JAGS samples each parameter in the model using univariate slice samplers. Because NIMBLE gives us flexibility to choose which sampler we want, let’s see if we can improve on the dismal performance above by changing from the univariate random walk MH sampler to a slice sampler. To do this, we will first have to remove the current samplers associated with these parameters and then add the slice sampler to them.

#Slice sampler approach 

#Step 3) MCMC configuration
mod3=configureMCMC(mod2,
                   monitors = parameters.to.save)

## ===== Monitors =====
## thin = 1: b0, b1, b2
## ===== Samplers =====
## RW sampler (3)
##   - b0
##   - b1
##   - b2

mod3$removeSamplers(c('b0','b1','b2'))
mod3$printSamplers()
mod3$addSampler(target = c('b0','b1','b2'),
                type = 'slice',
                expandTarget=T)

#Step 4) Create MCMC function and compile it
mod4 <- buildMCMC(mod3)
mod5 <- compileNimble(mod4)

#Step 5) Run MCMC
samples <- runMCMC(mcmc=mod5,
                   inits = initial.values,
                   niter = n.iter,
                   nburnin = n.burnin,
                   nchains = n.chains)

#Step 6) Examine output
MCMCtrace(object = samples,
          pdf = FALSE, # no export to PDF
          ind = TRUE, # separate density lines per chain
          params = c('b0','b1','b2'))

#Calculate effective sample size
b0=c(samples$chain1[,1],samples$chain2[,1],samples$chain3[,1]); 
effectiveSize(b0); 

##     var1 
## 5002.012

b1=c(samples$chain1[,2],samples$chain2[,2],samples$chain3[,2]); 
effectiveSize(b1); 

##     var1 
## 903.2521

b2=c(samples$chain1[,3],samples$chain2[,3],samples$chain3[,3]); 
effectiveSize(b2); 

##     var1 
## 876.7463

You can see here that each chain seems to take longer to run with the slice sampler. However, the effective sample sizes for \(\beta_1\) and \(\beta_2\) were >3x larger. Not bad!

If you are curious to see which samplers are currently available within NIMBLE, you can type the code below.

?samplers

NIMBLE with the Automated Factor (AF) slice sampler

It turns out that we can improve the performance of our model even more if we sample our parameters jointly, instead of one at a time. There are multiple ways of doing this but I was blown away when I saw the performance of the Automated Factor (AF) slice sampler.

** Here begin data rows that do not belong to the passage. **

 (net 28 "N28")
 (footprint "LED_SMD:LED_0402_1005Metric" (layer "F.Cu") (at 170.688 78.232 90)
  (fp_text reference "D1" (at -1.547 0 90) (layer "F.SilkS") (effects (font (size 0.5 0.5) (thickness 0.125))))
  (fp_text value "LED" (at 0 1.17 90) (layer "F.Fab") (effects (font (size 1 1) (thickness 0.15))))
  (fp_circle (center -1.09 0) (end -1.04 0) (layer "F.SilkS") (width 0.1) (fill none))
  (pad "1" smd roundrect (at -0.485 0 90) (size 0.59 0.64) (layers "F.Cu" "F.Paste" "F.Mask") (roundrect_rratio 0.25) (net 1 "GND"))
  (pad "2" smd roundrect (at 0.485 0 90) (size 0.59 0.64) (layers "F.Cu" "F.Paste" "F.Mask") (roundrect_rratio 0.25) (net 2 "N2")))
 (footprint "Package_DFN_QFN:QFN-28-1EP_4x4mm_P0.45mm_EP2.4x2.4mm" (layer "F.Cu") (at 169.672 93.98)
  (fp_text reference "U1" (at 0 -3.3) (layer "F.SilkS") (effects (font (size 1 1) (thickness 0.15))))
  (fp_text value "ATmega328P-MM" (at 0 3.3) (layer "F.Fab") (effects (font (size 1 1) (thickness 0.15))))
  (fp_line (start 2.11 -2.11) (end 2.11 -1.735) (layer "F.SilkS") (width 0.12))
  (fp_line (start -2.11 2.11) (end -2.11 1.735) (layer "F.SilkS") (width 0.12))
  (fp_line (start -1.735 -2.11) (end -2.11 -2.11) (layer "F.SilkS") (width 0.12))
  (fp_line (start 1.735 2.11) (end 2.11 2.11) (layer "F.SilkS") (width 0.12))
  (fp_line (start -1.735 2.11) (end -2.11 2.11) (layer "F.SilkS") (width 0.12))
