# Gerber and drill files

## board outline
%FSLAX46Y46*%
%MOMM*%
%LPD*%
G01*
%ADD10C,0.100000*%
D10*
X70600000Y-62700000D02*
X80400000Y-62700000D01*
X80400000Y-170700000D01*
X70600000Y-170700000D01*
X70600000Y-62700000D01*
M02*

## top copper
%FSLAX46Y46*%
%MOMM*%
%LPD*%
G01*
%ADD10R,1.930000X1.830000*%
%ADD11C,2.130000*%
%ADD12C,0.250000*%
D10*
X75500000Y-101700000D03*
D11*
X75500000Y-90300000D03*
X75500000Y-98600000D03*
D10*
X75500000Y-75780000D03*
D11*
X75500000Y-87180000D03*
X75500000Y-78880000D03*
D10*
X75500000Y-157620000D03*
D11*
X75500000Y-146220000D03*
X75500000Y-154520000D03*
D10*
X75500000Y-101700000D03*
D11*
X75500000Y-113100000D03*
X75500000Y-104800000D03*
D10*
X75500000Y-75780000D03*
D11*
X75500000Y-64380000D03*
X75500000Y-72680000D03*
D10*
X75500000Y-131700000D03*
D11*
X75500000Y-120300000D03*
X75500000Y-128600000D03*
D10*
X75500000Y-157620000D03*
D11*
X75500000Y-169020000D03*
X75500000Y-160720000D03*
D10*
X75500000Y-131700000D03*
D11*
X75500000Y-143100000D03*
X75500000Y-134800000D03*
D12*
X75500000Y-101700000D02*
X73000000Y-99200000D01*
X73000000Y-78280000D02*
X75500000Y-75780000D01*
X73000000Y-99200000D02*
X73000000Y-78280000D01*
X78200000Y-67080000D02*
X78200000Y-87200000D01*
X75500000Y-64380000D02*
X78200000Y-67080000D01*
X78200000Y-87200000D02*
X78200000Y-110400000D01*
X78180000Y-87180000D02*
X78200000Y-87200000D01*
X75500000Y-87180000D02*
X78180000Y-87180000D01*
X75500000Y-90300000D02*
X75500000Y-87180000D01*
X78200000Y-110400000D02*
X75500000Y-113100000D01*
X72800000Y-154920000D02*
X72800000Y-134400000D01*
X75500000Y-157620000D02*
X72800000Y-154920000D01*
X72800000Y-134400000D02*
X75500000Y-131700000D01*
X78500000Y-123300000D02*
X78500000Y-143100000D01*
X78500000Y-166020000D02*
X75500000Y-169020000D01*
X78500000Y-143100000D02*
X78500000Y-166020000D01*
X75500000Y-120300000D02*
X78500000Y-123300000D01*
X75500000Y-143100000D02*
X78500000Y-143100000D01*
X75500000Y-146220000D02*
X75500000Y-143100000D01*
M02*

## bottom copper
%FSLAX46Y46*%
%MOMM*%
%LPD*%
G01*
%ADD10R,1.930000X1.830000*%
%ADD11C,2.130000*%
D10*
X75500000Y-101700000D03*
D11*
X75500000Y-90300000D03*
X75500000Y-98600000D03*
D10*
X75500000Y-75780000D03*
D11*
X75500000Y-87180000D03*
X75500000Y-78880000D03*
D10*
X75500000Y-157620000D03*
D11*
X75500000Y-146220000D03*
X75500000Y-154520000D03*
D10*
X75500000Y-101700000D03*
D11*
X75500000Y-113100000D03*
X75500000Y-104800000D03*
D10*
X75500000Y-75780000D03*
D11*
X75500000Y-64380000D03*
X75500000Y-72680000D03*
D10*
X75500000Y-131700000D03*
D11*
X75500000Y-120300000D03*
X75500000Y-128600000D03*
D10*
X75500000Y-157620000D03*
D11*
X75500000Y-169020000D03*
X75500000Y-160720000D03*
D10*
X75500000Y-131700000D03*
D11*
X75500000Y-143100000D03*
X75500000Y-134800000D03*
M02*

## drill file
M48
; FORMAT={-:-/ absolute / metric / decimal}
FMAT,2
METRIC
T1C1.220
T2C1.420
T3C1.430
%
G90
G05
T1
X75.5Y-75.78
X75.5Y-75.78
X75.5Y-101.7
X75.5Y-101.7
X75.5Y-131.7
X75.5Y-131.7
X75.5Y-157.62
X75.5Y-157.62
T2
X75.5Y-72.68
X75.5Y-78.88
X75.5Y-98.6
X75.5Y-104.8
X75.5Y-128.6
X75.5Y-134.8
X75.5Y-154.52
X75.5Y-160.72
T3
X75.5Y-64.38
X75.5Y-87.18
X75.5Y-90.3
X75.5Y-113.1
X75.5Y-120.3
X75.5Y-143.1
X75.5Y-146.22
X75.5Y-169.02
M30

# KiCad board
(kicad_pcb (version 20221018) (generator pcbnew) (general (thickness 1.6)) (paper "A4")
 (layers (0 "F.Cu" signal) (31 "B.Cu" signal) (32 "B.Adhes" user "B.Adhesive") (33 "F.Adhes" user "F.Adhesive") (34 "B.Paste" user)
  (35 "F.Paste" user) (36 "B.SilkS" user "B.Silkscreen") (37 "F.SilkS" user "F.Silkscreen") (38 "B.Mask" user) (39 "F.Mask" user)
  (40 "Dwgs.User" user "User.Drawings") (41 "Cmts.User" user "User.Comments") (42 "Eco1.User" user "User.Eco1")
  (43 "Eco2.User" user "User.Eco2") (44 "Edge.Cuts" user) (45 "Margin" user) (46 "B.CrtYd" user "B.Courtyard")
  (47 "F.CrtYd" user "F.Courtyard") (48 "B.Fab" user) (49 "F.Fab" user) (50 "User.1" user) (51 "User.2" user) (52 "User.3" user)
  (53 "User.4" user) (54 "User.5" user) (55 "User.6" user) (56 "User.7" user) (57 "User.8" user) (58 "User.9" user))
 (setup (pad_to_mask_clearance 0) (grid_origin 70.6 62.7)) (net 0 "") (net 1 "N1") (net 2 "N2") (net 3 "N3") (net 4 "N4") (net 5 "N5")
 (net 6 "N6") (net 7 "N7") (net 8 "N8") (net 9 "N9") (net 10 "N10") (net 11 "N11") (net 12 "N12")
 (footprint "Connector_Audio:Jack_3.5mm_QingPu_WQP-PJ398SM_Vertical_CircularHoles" (layer "F.Cu") (at 75.5 101.7 180)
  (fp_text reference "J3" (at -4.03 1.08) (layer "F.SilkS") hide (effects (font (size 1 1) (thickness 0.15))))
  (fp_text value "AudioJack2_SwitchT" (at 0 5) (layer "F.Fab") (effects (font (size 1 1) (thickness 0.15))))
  (pad "S" thru_hole rect (at 0 0) (size 1.93 1.83) (drill 1.22) (layers "*.Cu" "*.Mask") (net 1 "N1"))
  (pad "T" thru_hole circle (at 0 11.4) (size 2.13 2.13) (drill 1.43) (layers "*.Cu" "*.Mask") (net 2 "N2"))
  (pad "TN" thru_hole circle (at 0 3.1) (size 2.13 2.13) (drill 1.42) (layers "*.Cu" "*.Mask") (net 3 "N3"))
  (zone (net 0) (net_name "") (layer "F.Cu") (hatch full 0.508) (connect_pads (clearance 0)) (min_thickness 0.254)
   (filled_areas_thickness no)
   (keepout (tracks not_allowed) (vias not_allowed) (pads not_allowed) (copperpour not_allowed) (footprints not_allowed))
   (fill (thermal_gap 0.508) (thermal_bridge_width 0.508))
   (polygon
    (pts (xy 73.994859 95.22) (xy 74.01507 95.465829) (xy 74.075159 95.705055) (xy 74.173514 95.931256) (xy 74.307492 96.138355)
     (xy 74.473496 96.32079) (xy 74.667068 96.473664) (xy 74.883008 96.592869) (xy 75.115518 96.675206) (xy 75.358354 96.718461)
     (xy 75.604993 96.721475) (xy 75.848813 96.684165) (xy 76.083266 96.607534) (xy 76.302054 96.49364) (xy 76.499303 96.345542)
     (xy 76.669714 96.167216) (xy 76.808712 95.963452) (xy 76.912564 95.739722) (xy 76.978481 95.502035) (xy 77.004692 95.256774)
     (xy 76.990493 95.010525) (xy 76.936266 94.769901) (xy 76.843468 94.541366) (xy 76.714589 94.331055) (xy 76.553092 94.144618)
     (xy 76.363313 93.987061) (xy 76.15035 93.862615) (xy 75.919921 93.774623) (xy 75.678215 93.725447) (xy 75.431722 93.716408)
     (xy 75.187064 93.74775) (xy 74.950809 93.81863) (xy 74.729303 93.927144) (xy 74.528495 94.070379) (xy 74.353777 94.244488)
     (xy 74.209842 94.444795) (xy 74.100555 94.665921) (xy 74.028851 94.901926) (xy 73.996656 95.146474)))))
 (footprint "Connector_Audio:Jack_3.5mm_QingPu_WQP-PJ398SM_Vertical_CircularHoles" (layer "F.Cu") (at 75.5 75.78)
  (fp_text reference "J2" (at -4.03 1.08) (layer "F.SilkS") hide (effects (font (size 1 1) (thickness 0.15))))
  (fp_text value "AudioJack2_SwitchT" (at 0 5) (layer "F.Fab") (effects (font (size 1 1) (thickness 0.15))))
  (pad "S" thru_hole rect (at 0 0 180) (size 1.93 1.83) (drill 1.22) (layers "*.Cu" "*.Mask") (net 1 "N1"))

#Step 3) MCMC configuration
mod3=configureMCMC(mod2,
                   monitors = parameters.to.save)

## ===== Monitors =====
## thin = 1: b0, b1, b2
## ===== Samplers =====
## RW sampler (3)
##   - b0
##   - b1
##   - b2

mod3$removeSamplers(c('b0','b1','b2'))
mod3$printSamplers()
mod3$addSampler(target = c('b0','b1','b2'),
                type = 'sampler_AF_slice')

#Step 4) Create MCMC function and compile it
mod4 <- buildMCMC(mod3)
mod5 <- compileNimble(mod4)

#Step 5) Run MCMC
samples <- runMCMC(mcmc=mod5,
                   inits = initial.values,
                   niter = n.iter,
                   nburnin = n.burnin,
                   nchains = n.chains)

#Step 6) Examine output
MCMCtrace(object = samples,
          pdf = FALSE, # no export to PDF
          ind = TRUE, # separate density lines per chain
          params = c('b0','b1','b2'))

#Calculate effective sample size
b0=c(samples$chain1[,1],samples$chain2[,1],samples$chain3[,1]); 
effectiveSize(b0); 

##  var1 
## 12000

b1=c(samples$chain1[,2],samples$chain2[,2],samples$chain3[,2]); 
effectiveSize(b1); 

##     var1 
## 11666.14

b2=c(samples$chain1[,3],samples$chain2[,3],samples$chain3[,3]); 
effectiveSize(b2); 

##     var1 
## 11677.83

Although the run time seems similar to that of the regular slice sampler, the AF slice sampler works brilliantly in this example.